## Cosmological Calculations with GPUs

A while ago, I wrote a series of posts on how astronomers are learning to use GPUs  in astronomy: The Use of Graphical Processing Units (GPU’s) In Astronomy, GPU’s in Astronomy: Critical Decisions for Early Adopters, GPU’s vs. CPU’s: Apples vs. Oranges?. I hope they serve as a good introduction to GPUs for non-specialists. Broadly speaking, GPUs provide best performance (x100 or more speed-ups vs. CPUs) for brute force, highly compute intensive algorithms.

This week, I have been reading a paper by Bard et al. in the inaugural edition of Astronomy and Computing, with the title  “Cosmological calculations on the GPU.” Their scientific motivation was to understand the processing power needed to extract cosmological information from new surveys such as LSST, the Dark Energy Survey and PanSTARRS.  Current methods of calculating cosmological quantities scale as O(number of data^2), which are not feasible for datasets containing billions of points. Fortunately, these calculations are easy to parallelize, as they involve independent calculations of the same quantity. Bard et al. investigate how to use GPUs for these calculations, rather than clusters of CPUs, with input data drawn from published simulated data sets.

Specifically, the paper addresses the calculations of the two-point angular correlation function and the aperture mass statistic.  The code took advantage of the Compute Unified Device Architecture (CUDA) framework, developed by NVIDIA Corp, which abstracts the details of the GPU architecture away from the developer.  The paper gives full details of the algorithms and implementations. The code is available on github at https://github.com/djbard/ccogs.

The calculations were all run with a Tesla M2070 GPU card with Fermi architecture and 5.25 GB on-chip global memory (GPUs used for science generally have a large on-chip memory).

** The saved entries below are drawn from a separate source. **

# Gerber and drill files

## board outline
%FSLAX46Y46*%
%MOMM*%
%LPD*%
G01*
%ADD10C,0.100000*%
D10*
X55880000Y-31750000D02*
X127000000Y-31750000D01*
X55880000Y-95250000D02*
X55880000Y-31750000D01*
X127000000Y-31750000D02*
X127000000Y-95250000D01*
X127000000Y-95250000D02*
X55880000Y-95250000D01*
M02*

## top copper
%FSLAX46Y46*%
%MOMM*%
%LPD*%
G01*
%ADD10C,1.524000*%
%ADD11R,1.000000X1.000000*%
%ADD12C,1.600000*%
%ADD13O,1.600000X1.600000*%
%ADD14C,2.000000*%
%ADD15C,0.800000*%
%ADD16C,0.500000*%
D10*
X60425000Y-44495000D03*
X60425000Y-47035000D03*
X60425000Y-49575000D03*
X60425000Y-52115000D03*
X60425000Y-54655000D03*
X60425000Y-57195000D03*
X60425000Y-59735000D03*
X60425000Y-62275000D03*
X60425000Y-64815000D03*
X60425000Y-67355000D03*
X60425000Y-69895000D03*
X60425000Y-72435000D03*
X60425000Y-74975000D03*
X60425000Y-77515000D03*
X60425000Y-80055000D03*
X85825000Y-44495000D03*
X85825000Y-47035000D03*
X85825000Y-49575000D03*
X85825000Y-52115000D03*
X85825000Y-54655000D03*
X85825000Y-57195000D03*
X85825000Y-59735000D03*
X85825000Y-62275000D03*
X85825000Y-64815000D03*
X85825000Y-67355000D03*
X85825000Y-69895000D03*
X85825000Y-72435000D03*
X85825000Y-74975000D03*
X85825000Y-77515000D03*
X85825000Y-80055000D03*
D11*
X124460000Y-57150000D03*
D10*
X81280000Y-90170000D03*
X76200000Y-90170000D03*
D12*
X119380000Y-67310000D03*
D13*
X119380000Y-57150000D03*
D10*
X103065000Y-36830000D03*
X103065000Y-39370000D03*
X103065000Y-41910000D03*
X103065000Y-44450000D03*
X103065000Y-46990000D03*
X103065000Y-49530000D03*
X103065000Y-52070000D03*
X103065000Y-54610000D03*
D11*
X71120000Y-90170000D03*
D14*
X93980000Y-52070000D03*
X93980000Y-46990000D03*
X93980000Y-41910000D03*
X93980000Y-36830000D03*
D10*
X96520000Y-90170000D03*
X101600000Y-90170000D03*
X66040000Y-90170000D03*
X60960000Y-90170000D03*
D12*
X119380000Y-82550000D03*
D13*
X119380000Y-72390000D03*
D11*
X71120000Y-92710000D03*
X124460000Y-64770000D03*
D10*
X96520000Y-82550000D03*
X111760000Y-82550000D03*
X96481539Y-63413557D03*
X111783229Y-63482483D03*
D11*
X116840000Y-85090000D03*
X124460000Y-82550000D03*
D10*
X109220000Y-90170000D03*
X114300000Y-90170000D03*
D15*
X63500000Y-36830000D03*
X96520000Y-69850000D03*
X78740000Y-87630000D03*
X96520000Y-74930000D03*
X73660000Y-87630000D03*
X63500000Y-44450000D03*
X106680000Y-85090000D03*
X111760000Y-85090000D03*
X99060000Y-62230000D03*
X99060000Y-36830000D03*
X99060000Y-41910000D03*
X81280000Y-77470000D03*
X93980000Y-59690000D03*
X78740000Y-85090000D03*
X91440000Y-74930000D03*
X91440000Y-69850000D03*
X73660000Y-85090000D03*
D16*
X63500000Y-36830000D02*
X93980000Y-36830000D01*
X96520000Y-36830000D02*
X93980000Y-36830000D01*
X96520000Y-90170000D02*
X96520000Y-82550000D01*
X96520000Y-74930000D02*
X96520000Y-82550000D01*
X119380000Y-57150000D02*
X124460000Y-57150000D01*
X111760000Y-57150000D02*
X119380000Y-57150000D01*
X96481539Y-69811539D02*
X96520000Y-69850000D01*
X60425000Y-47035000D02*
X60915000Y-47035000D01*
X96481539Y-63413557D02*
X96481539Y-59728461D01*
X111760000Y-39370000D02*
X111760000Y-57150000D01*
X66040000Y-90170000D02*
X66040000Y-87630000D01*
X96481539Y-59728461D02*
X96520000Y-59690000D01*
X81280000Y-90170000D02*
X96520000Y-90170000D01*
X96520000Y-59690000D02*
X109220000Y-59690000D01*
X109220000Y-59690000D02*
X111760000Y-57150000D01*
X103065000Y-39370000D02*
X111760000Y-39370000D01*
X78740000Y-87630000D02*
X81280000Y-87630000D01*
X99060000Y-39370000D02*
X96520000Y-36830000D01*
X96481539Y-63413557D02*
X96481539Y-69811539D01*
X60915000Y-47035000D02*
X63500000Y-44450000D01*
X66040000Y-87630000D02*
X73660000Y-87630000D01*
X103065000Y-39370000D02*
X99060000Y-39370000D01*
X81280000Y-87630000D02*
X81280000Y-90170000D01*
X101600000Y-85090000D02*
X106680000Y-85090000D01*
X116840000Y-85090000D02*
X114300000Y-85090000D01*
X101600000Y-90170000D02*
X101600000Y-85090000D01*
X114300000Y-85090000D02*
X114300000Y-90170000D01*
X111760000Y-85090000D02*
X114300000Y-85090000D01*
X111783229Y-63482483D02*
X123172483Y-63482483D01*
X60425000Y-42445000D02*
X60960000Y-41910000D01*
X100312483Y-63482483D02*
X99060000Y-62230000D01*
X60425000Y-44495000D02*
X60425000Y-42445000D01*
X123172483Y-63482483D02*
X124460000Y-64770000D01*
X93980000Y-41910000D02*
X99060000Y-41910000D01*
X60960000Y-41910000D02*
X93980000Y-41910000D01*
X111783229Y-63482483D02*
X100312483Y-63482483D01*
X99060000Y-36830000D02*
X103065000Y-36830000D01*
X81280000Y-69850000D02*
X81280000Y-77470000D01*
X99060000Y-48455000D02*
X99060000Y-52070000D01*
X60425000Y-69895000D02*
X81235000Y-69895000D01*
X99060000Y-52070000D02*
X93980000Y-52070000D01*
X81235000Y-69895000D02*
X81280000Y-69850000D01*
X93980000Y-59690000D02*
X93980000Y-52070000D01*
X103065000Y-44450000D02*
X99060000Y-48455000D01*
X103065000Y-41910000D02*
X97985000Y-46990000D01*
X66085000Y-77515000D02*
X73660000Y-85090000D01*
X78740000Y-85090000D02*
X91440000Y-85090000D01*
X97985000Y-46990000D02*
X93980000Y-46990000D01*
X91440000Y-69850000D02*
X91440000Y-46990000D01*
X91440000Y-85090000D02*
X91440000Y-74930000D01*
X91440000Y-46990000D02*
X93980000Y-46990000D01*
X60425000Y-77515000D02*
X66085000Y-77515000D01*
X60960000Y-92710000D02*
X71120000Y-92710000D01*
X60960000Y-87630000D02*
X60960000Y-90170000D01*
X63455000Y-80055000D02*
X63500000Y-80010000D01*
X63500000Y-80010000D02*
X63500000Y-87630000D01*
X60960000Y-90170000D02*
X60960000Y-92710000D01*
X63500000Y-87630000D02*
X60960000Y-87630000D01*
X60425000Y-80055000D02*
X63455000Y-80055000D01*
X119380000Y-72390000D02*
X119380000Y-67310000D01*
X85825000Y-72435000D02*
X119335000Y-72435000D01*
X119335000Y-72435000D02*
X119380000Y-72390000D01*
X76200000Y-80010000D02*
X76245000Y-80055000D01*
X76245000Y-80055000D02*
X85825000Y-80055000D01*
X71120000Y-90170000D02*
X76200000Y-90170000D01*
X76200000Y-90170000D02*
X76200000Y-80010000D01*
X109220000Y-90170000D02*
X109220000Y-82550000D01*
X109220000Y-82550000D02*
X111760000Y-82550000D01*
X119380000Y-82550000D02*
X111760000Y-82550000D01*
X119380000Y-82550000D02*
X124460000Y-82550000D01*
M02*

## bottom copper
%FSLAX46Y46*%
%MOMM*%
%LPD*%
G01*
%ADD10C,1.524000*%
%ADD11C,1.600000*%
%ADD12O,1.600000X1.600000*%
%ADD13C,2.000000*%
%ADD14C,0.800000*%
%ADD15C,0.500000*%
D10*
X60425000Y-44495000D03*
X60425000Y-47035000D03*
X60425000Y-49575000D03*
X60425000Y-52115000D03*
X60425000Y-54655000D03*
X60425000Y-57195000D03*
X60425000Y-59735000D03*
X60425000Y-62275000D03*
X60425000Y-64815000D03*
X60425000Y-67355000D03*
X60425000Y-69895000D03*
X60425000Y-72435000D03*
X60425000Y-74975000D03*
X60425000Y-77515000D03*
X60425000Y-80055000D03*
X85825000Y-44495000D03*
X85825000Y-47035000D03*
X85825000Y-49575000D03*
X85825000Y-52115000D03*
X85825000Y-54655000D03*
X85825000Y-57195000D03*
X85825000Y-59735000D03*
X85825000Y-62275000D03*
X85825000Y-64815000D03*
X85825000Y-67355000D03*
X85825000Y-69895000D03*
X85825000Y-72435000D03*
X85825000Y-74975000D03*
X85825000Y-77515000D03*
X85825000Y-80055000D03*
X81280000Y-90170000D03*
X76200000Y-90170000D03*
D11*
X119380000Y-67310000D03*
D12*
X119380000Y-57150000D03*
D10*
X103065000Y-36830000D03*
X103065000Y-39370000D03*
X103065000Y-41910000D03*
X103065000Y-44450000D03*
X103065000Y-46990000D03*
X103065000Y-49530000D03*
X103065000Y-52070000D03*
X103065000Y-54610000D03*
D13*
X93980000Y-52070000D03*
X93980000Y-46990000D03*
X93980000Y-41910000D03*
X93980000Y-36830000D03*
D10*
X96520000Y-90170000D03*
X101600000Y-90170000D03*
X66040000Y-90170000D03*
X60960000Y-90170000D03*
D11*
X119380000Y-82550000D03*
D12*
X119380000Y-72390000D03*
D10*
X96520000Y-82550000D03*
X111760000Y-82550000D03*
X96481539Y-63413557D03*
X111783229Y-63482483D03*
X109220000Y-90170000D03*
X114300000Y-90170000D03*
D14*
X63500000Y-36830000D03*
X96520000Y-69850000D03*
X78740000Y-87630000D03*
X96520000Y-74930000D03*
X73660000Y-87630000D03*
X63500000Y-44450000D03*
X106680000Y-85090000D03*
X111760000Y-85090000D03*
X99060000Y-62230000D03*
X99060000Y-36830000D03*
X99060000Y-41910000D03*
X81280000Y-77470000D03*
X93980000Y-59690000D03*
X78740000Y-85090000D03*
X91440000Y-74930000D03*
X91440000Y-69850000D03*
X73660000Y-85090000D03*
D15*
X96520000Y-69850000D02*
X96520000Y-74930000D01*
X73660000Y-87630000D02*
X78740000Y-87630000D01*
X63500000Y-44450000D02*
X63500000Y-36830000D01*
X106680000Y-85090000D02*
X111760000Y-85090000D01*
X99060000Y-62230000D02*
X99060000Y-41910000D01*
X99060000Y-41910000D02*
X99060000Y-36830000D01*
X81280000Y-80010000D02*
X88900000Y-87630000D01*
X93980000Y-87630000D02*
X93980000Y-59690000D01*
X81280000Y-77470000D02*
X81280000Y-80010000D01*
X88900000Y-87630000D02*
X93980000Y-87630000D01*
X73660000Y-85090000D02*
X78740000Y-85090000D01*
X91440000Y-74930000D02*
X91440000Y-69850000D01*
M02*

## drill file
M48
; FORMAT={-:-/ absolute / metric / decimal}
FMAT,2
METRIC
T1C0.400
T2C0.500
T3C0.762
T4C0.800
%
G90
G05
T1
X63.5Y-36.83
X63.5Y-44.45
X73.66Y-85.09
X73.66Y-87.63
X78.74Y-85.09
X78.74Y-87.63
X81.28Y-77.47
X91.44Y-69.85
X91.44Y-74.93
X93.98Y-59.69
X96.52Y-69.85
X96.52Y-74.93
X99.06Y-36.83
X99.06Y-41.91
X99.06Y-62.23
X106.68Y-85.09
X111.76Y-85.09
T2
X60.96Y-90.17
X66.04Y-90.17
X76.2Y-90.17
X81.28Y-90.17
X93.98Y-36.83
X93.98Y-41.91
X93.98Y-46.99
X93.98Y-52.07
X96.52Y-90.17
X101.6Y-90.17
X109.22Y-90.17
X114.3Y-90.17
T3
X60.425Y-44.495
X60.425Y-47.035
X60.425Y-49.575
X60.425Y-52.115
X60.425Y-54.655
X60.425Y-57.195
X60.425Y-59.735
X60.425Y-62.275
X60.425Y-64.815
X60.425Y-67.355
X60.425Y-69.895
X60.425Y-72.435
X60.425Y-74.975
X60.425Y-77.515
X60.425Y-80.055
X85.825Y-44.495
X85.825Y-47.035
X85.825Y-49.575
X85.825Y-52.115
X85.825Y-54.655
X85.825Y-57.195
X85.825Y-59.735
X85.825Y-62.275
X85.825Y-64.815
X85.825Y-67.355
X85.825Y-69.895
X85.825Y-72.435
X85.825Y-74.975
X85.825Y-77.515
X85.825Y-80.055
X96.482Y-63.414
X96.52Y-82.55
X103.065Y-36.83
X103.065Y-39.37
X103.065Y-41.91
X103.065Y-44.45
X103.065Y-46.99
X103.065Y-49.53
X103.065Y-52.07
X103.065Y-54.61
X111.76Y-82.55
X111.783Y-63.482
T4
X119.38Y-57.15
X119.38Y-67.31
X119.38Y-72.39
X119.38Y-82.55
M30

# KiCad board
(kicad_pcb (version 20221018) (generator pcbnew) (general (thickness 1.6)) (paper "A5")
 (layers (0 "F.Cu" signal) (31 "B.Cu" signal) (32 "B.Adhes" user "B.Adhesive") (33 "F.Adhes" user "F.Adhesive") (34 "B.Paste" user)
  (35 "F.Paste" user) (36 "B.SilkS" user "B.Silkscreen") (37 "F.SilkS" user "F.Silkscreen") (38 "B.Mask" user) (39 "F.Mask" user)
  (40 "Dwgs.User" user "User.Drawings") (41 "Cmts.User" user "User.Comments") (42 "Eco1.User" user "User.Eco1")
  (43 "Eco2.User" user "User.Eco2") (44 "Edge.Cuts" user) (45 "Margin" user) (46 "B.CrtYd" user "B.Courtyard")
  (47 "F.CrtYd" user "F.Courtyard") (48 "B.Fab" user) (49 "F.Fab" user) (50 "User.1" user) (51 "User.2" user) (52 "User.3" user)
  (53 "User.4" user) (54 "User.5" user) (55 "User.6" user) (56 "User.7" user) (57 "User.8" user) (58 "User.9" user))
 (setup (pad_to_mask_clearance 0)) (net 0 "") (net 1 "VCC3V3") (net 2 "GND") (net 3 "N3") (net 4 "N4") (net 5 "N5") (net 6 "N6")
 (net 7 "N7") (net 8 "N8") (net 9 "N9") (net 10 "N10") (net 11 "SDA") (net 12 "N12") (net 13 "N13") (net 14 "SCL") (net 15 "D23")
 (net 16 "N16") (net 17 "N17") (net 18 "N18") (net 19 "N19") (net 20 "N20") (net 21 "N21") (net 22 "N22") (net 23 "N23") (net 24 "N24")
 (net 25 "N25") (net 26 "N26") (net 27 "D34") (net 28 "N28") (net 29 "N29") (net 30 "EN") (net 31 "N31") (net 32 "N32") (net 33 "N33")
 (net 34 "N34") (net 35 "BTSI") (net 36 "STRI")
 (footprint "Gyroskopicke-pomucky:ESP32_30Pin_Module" (layer "F.Cu") (at 78.205 67.355)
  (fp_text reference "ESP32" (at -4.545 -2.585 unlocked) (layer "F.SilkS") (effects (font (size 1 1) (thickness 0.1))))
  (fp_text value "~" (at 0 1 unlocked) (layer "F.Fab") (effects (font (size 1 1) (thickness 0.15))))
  (pad "1" thru_hole circle (at -17.78 -22.86) (size 1.524 1.524) (drill 0.762) (layers "*.Cu" "*.Mask") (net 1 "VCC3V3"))
  (pad "2" thru_hole circle (at -17.78 -20.32) (size 1.524 1.524) (drill 0.762) (layers "*.Cu" "*.Mask") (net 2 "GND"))
  (pad "3" thru_hole circle (at -17.78 -17.78) (size 1.524 1.524) (drill 0.762) (layers "*.Cu" "*.Mask") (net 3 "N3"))
  (pad "4" thru_hole circle (at -17.78 -15.24) (size 1.524 1.524) (drill 0.762) (layers "*.Cu" "*.Mask") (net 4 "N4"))
  (pad "5" thru_hole circle (at -17.78 -12.7) (size 1.524 1.524) (drill 0.762) (layers "*.Cu" "*.Mask") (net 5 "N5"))
  (pad "6" thru_hole circle (at -17.78 -10.16) (size 1.524 1.524) (drill 0.762) (layers "*.Cu" "*.Mask") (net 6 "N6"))
  (pad "7" thru_hole circle (at -17.78 -7.62) (size 1.524 1.524) (drill 0.762) (layers "*.Cu" "*.Mask") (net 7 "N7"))
  (pad "8" thru_hole circle (at -17.78 -5.08) (size 1.524 1.524) (drill 0.762) (layers "*.Cu" "*.Mask") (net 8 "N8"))
  (pad "9" thru_hole circle (at -17.78 -2.54) (size 1.524 1.524) (drill 0.762) (layers "*.Cu" "*.Mask") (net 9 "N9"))
  (pad "10" thru_hole circle (at -17.78 0) (size 1.524 1.524) (drill 0.762) (layers "*.Cu" "*.Mask") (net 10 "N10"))
  (pad "11" thru_hole circle (at -17.78 2.54) (size 1.524 1.524) (drill 0.762) (layers "*.Cu" "*.Mask") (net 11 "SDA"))
  (pad "12" thru_hole circle (at -17.78 5.08) (size 1.524 1.524) (drill 0.762) (layers "*.Cu" "*.Mask") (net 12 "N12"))
  (pad "13" thru_hole circle (at -17.78 7.62) (size 1.524 1.524) (drill 0.762) (layers "*.Cu" "*.Mask") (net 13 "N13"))
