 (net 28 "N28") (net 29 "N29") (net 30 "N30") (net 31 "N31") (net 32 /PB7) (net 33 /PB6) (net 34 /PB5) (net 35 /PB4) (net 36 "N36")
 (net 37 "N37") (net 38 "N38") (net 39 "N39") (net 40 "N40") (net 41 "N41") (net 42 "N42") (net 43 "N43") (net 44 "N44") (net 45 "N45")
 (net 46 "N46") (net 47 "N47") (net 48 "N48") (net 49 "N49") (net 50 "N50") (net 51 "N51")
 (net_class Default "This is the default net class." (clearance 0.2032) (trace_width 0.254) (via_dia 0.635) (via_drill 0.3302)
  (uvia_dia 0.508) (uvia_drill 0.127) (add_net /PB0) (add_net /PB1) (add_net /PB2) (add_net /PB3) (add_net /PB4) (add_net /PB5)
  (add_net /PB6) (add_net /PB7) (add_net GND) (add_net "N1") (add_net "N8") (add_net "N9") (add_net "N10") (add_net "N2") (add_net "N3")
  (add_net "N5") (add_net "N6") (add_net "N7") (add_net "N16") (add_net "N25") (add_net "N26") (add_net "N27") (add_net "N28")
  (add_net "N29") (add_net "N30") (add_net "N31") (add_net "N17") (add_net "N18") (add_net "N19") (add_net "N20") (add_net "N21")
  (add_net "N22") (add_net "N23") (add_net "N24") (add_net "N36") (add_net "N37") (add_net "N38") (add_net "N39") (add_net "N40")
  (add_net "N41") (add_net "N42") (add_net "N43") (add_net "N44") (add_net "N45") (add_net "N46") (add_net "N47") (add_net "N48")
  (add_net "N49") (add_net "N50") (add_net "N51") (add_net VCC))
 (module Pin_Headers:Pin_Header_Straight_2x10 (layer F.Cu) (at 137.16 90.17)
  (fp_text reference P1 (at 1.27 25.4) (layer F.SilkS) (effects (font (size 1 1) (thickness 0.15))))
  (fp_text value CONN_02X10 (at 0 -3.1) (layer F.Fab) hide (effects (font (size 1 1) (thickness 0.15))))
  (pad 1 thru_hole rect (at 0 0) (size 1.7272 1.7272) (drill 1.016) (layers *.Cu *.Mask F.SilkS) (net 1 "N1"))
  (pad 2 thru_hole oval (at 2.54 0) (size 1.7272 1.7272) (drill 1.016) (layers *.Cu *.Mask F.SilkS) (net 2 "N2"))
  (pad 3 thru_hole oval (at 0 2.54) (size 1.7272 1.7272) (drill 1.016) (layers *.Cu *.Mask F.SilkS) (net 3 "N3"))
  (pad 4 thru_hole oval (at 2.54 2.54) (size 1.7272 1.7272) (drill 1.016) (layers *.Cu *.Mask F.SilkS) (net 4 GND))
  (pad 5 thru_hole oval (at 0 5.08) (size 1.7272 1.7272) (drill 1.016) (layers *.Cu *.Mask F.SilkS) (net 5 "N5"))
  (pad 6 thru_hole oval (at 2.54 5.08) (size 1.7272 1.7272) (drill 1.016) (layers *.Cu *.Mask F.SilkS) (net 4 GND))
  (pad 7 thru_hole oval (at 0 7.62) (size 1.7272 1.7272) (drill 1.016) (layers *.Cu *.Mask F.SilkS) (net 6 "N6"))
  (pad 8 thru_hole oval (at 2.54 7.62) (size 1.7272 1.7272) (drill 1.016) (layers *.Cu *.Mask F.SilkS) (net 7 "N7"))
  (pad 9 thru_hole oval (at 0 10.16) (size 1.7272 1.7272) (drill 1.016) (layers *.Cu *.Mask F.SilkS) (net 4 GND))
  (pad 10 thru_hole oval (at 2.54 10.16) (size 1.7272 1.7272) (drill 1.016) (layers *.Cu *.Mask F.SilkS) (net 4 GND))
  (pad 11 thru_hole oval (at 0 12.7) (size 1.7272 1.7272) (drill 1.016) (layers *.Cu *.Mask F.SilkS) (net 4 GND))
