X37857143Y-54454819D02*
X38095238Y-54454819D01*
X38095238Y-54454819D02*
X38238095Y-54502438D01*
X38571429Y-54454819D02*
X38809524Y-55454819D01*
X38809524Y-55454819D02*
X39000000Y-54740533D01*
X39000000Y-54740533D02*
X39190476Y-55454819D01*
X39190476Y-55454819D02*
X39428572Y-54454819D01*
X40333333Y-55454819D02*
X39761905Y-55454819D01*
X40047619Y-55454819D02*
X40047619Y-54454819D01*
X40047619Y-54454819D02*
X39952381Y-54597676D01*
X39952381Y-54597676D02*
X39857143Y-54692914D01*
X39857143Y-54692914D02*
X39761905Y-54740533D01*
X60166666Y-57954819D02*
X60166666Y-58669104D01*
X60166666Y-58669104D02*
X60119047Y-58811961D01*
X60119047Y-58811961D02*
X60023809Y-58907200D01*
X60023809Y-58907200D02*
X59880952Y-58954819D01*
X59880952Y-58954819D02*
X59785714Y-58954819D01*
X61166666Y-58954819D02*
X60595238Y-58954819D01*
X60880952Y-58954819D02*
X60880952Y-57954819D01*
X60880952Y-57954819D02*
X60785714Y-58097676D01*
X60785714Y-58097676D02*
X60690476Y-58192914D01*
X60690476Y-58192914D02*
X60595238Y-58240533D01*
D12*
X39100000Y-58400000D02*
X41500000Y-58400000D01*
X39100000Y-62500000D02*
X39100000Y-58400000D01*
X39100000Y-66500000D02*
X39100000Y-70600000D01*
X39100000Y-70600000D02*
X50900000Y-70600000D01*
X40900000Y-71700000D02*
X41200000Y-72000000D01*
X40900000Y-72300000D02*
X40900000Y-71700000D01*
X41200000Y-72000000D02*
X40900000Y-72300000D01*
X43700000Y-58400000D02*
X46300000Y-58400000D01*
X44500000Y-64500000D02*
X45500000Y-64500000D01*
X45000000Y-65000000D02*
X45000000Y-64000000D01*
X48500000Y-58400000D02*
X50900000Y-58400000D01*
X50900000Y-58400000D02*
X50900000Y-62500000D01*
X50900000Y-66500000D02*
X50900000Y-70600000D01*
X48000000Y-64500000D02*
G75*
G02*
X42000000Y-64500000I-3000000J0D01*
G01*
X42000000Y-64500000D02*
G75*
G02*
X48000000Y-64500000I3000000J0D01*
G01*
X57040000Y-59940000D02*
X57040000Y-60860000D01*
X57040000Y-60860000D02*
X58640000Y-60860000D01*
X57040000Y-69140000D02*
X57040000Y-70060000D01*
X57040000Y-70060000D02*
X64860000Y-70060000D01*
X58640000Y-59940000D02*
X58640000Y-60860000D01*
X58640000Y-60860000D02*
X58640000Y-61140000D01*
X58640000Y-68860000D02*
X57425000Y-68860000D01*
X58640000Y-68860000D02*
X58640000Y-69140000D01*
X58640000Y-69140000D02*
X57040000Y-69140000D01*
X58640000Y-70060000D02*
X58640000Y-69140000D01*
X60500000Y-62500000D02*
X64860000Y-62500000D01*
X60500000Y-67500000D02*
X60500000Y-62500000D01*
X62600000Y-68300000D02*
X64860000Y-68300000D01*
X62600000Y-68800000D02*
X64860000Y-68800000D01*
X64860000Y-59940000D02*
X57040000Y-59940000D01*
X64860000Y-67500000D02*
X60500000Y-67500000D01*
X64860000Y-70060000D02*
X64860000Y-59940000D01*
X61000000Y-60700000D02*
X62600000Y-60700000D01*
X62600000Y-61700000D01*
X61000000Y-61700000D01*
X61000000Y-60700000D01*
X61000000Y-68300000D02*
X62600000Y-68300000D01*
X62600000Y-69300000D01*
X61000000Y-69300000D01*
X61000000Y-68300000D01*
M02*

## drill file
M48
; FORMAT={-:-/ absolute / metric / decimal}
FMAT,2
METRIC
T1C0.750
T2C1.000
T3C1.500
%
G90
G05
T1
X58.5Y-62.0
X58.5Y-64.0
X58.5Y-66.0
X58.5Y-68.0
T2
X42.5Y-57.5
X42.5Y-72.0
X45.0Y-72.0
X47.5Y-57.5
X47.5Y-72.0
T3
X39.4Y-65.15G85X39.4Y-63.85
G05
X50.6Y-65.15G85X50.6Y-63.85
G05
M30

Here, I  summarize their important results, as illustrated in their Tables 1 and 2 and Figure 1  below:

• GPUs can speed up the calculations of the angular correlation function by more than x100 (Fig 1)
• GPUs can speed up calculations of the aperture mass statistic by x100-300, depending on filter aperture and size of reconstruction grid (Table 2 and Fig 1).

Finally, the fast processing times of the GPUs enable exact calculation of these two quantities and their uncertainties for all angular scales: the tree-algorithm approximations used on CPUs do not provide this benefit.